Having the sunrise of our life at Monument Valley

Final Navajo stop of our trip was Monument Valley. The road once we turned from Kayenta towards the valley started to be interesting and letting us get a quick overview of what we could expect from the rest of the park.

And it did not disappoint us. As soon as we arrived at the visitor center for a quick snack we got to marvel the beautiful and imposing mittens and you are left wondering how nature turned this into such a unique place. We then proceeded to do the short loop that does not require any special car. We got to approach a tiny bit more to these marvelous rock formations and witness a few more i.e the 3 sisters or the John Ford point. All of them were amazing and left us wondering what more we could observe at the long loop trail. Unfortunately we will probably never find out.
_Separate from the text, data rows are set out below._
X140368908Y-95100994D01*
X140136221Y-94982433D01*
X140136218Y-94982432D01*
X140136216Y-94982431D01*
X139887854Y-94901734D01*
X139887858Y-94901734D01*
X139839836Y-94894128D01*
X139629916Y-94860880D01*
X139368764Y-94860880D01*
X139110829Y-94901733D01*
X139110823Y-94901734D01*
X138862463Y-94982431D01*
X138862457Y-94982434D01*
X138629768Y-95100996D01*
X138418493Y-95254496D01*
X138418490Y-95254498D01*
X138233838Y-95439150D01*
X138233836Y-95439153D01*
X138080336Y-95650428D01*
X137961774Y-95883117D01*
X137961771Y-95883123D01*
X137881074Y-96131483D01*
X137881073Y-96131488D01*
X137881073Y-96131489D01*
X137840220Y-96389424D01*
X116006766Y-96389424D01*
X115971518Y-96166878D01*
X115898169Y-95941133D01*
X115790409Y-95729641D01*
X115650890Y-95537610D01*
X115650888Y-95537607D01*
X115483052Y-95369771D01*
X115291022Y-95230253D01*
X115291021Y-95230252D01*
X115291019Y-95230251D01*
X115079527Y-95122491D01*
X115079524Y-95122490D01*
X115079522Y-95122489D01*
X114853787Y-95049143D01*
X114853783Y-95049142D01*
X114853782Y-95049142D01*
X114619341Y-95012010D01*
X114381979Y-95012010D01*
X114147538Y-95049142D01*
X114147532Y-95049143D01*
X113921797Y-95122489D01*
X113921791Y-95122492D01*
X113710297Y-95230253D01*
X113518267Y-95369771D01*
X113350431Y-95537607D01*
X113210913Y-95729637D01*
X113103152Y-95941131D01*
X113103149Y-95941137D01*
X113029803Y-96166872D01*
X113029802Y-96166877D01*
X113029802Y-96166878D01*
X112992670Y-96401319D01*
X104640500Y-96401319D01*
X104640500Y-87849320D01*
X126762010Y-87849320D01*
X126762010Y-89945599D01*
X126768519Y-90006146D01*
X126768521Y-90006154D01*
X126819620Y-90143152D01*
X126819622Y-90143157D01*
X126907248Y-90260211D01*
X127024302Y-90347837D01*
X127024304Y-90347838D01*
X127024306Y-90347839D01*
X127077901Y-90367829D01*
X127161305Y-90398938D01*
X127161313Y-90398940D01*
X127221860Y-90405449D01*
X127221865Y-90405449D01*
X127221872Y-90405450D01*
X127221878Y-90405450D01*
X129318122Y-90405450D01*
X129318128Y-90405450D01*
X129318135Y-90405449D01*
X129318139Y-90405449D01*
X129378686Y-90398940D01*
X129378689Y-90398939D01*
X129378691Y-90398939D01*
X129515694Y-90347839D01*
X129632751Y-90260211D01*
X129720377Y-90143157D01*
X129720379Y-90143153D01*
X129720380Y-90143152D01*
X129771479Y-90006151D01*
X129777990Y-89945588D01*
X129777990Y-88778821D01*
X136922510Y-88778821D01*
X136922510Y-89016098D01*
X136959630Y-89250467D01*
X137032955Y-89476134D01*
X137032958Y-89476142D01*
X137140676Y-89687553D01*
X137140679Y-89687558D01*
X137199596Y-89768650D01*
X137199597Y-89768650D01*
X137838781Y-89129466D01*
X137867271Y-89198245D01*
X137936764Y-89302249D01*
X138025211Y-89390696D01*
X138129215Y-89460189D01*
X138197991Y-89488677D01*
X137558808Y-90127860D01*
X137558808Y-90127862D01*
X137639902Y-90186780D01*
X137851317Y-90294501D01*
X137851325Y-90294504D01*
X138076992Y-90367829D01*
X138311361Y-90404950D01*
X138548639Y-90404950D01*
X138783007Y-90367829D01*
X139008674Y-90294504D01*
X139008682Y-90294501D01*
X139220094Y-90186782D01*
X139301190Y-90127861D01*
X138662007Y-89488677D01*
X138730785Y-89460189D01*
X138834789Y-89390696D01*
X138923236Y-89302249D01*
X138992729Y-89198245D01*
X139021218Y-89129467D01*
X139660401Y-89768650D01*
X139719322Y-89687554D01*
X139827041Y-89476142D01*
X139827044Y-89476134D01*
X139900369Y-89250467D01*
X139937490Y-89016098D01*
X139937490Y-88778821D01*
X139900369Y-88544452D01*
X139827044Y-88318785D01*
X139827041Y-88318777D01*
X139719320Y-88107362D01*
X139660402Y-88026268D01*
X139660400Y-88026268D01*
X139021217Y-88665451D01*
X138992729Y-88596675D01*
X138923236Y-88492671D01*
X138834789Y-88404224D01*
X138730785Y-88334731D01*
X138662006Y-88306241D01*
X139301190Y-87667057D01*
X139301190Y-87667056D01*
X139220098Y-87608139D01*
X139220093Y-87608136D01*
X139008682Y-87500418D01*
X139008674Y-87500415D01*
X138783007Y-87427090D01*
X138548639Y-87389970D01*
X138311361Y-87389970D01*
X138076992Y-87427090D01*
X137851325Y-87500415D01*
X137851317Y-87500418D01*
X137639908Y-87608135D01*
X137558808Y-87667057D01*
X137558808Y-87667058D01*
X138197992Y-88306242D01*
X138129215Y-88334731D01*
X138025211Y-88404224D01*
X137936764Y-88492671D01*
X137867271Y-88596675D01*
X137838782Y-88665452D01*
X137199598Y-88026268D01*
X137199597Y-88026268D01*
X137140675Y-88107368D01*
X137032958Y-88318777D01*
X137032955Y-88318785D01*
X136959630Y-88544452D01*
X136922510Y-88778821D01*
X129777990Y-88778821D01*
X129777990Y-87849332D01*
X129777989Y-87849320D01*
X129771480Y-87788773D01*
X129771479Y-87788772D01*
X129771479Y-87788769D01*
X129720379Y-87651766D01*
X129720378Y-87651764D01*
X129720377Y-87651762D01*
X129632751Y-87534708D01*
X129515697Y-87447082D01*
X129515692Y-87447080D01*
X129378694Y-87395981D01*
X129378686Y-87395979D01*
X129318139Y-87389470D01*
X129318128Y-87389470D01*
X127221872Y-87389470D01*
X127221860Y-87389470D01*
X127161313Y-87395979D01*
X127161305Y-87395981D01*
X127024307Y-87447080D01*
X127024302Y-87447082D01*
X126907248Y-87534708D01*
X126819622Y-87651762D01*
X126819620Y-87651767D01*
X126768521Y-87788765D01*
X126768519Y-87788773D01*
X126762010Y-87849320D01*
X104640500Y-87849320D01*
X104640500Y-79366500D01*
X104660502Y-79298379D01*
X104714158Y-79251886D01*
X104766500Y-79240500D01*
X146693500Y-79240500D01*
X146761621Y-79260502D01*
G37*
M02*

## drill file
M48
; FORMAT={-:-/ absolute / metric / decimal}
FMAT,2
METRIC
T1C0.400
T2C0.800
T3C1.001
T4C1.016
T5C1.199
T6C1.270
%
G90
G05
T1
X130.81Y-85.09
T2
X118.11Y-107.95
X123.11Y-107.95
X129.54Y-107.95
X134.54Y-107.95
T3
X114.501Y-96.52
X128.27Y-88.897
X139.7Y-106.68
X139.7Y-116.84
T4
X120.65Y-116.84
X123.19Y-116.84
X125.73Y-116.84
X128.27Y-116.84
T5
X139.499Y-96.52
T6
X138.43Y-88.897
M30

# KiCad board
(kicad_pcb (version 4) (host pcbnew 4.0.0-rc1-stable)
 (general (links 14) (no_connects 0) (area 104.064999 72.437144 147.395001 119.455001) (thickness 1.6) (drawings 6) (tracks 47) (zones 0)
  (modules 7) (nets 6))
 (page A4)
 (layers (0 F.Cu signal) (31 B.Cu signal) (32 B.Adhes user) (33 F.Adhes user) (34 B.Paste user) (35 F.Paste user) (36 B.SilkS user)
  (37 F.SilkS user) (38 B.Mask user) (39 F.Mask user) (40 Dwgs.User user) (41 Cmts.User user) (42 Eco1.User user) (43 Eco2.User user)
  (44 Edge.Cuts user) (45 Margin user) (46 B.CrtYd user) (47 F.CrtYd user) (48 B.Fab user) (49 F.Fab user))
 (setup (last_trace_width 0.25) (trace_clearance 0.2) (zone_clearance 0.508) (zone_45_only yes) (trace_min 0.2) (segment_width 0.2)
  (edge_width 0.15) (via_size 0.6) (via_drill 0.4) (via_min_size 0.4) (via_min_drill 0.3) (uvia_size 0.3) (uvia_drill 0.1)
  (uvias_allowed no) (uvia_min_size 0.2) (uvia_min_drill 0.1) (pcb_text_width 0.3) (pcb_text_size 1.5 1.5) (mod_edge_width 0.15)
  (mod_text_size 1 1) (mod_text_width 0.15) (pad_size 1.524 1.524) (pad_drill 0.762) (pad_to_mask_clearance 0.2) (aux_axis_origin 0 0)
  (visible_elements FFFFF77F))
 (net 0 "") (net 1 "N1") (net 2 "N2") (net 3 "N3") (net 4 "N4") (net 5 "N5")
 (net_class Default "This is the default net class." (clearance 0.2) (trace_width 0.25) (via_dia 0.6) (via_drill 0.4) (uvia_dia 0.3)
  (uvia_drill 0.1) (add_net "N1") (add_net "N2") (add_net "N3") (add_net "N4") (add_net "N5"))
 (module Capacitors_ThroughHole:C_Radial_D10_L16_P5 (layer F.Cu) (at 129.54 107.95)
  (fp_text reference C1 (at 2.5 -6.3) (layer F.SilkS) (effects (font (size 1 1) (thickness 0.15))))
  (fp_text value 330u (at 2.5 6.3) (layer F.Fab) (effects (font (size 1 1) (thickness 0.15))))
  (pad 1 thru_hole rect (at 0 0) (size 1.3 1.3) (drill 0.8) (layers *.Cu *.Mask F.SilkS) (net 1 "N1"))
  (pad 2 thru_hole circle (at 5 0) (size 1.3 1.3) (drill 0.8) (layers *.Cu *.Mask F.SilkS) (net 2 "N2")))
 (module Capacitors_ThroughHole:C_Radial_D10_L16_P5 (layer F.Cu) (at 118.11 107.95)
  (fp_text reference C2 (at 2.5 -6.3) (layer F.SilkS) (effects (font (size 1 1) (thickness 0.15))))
Next stop was the iconic Forrest Gump point and the Mexican hat. A few minutes drive from the visitor center we had the time to visit these two places take a couple of shots and make it back in time for the sunset. The views were beautiful but not what we expected. The sun sets on the opposite direction of the mittens so even if we got to see some nice shadows forming up we ultimately didn't shoot the sun at all.

The problem was solved though, we were up and ready to be amazed on the sunrise. We set out at 5 in the morning and we were glad we made this choice. We were able to shoot some amazing photos, observe how the landscape changes with the sun rising from the mittens and the incredible dark colors of the sky before the sun is up along with the moon.
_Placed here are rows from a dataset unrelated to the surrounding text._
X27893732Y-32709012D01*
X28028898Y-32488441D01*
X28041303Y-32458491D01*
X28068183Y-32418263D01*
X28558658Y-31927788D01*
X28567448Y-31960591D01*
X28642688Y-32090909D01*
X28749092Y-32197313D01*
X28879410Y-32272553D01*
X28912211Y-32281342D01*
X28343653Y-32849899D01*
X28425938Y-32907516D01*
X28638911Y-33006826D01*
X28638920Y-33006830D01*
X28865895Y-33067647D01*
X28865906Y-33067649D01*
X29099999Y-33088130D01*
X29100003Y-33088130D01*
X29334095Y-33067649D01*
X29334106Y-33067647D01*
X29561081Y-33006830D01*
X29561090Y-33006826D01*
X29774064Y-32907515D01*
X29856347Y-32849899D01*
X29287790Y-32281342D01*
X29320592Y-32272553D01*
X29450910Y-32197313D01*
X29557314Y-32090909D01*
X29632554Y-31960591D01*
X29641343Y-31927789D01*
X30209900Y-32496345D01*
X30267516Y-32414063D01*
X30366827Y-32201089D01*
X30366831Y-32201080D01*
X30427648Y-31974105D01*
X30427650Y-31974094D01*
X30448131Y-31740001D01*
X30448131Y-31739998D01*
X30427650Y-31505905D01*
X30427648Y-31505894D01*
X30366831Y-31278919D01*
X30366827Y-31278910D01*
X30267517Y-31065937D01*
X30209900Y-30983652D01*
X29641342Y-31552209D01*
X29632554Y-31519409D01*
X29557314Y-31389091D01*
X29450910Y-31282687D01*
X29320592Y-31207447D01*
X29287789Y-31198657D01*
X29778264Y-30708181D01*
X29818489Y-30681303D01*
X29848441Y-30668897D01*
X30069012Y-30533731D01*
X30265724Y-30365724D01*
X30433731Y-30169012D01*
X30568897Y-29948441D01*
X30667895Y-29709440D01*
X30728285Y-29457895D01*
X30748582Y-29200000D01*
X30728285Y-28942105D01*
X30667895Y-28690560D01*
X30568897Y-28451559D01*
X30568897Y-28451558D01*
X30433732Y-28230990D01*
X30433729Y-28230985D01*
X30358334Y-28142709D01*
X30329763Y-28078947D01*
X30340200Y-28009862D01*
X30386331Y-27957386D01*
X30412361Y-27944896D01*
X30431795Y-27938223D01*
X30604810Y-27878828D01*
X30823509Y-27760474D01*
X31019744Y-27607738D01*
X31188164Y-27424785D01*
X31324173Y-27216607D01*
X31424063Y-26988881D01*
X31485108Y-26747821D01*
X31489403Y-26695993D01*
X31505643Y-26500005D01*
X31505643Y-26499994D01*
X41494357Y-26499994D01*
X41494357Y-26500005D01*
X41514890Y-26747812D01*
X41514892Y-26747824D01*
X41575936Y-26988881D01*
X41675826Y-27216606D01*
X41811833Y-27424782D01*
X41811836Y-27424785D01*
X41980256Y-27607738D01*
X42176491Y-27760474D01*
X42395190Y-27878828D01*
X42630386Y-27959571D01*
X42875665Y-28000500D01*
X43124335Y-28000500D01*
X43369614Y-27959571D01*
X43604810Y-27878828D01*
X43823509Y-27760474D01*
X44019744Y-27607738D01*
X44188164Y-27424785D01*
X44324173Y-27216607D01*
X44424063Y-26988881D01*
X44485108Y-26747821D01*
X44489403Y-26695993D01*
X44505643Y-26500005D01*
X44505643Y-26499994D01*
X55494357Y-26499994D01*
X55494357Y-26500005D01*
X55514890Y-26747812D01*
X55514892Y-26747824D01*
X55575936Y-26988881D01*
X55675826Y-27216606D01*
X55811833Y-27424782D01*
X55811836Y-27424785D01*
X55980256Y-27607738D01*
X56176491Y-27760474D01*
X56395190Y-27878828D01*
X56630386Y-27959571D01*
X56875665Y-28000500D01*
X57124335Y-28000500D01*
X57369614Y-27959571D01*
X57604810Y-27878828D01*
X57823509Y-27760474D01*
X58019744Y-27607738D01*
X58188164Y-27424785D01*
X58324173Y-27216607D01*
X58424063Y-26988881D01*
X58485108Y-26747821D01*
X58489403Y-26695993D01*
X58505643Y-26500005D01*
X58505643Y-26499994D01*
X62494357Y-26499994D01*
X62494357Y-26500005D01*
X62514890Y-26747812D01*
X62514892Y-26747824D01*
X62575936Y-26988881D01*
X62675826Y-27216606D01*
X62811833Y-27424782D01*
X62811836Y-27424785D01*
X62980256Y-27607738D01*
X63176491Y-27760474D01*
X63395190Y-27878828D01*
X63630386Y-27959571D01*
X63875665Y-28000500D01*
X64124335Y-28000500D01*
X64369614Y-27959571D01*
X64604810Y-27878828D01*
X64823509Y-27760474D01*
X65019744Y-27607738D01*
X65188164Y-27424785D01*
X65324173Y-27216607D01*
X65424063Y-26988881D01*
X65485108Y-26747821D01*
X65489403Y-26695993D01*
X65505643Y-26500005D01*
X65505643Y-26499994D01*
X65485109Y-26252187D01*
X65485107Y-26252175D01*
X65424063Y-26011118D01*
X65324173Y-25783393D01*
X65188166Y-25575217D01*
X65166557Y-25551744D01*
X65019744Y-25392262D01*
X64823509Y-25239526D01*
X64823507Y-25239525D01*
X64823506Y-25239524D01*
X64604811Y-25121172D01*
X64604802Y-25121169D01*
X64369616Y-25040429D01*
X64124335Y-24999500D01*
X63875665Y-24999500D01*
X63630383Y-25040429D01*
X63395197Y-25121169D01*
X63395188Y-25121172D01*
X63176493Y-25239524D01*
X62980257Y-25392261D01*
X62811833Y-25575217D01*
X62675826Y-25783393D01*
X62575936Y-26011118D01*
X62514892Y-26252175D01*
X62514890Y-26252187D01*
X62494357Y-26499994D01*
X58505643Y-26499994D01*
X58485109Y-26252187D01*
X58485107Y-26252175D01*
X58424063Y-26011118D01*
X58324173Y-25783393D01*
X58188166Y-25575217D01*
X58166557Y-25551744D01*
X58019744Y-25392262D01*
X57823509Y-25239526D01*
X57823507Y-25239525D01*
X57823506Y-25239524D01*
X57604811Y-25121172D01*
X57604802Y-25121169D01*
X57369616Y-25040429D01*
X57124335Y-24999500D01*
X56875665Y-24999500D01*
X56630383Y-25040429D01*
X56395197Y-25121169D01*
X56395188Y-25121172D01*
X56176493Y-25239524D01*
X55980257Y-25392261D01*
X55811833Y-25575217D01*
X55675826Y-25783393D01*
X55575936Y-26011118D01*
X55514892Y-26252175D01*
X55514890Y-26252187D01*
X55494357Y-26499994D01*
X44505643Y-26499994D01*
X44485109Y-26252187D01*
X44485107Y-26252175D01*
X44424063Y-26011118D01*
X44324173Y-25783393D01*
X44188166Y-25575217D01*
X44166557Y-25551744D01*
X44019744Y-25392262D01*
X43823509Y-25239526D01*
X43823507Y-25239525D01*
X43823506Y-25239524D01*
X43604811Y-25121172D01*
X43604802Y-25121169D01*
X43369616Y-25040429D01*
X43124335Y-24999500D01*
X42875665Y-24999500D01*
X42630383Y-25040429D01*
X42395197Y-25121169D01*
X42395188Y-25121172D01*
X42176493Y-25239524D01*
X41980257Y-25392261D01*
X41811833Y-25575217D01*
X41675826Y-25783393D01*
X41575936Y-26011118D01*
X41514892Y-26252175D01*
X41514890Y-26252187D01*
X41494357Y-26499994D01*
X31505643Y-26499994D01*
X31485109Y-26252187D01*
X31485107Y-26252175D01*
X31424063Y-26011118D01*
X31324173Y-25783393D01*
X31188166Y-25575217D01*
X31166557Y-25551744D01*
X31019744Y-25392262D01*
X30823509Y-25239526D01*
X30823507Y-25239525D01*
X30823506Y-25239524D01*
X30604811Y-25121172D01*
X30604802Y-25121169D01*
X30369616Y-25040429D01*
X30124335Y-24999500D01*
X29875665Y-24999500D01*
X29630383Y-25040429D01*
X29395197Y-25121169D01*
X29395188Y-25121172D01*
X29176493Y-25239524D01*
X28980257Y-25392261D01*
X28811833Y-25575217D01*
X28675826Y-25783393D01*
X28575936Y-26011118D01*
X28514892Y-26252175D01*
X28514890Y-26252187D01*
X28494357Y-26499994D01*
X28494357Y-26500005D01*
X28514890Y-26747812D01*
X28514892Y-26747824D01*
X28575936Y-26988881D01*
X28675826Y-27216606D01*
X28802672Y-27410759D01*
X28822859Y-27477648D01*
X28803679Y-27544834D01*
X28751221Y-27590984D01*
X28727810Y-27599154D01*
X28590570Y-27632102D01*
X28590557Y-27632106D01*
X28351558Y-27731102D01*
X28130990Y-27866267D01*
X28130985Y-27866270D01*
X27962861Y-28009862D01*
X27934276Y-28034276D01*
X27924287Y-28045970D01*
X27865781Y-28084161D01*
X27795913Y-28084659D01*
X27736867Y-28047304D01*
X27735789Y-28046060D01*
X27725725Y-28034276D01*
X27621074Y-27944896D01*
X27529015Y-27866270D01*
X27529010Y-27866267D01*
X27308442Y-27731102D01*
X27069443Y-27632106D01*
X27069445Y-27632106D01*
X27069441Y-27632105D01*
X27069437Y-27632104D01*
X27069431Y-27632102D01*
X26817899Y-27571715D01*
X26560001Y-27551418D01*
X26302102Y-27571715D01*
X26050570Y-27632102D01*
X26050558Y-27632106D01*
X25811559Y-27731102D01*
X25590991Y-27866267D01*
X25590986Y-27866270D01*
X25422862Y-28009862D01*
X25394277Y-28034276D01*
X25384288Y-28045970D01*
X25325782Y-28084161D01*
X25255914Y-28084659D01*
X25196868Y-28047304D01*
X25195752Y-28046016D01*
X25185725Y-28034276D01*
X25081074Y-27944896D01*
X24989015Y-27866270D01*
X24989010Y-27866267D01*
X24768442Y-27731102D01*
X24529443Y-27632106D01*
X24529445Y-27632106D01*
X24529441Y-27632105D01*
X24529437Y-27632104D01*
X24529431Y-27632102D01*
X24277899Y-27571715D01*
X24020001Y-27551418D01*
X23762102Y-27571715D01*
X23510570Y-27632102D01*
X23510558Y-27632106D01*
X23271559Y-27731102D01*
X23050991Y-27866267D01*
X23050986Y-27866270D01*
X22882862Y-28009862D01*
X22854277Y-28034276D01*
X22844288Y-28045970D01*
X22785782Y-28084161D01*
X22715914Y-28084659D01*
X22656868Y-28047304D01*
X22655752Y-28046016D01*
Driving along the beautiful view points of Grand Canyon

Last stop for this short but packed trip was Grand Canyon. We started early after our sunrise shoots at monument valley and we spent the day till 6 in the afternoon since we had another 4 hours drive to arrive at Las Vegas just in time for a short sleep before the conference.

The different viewpoints offer some spectacular views. The canyon walls are enormous and the colors you get to see from up are just beautiful. We mostly used the car to drive around the viewpoints but we did have a short walk for Mather point and used the hermit road shuttle for the rest of the viewpoints.

This was our last stop for the week. We were pretty tired when we arrived late at night to the hotel but it was all worth it. Could easily be considered as one of our best trips, or at least the one with the most colors and vivid experiences.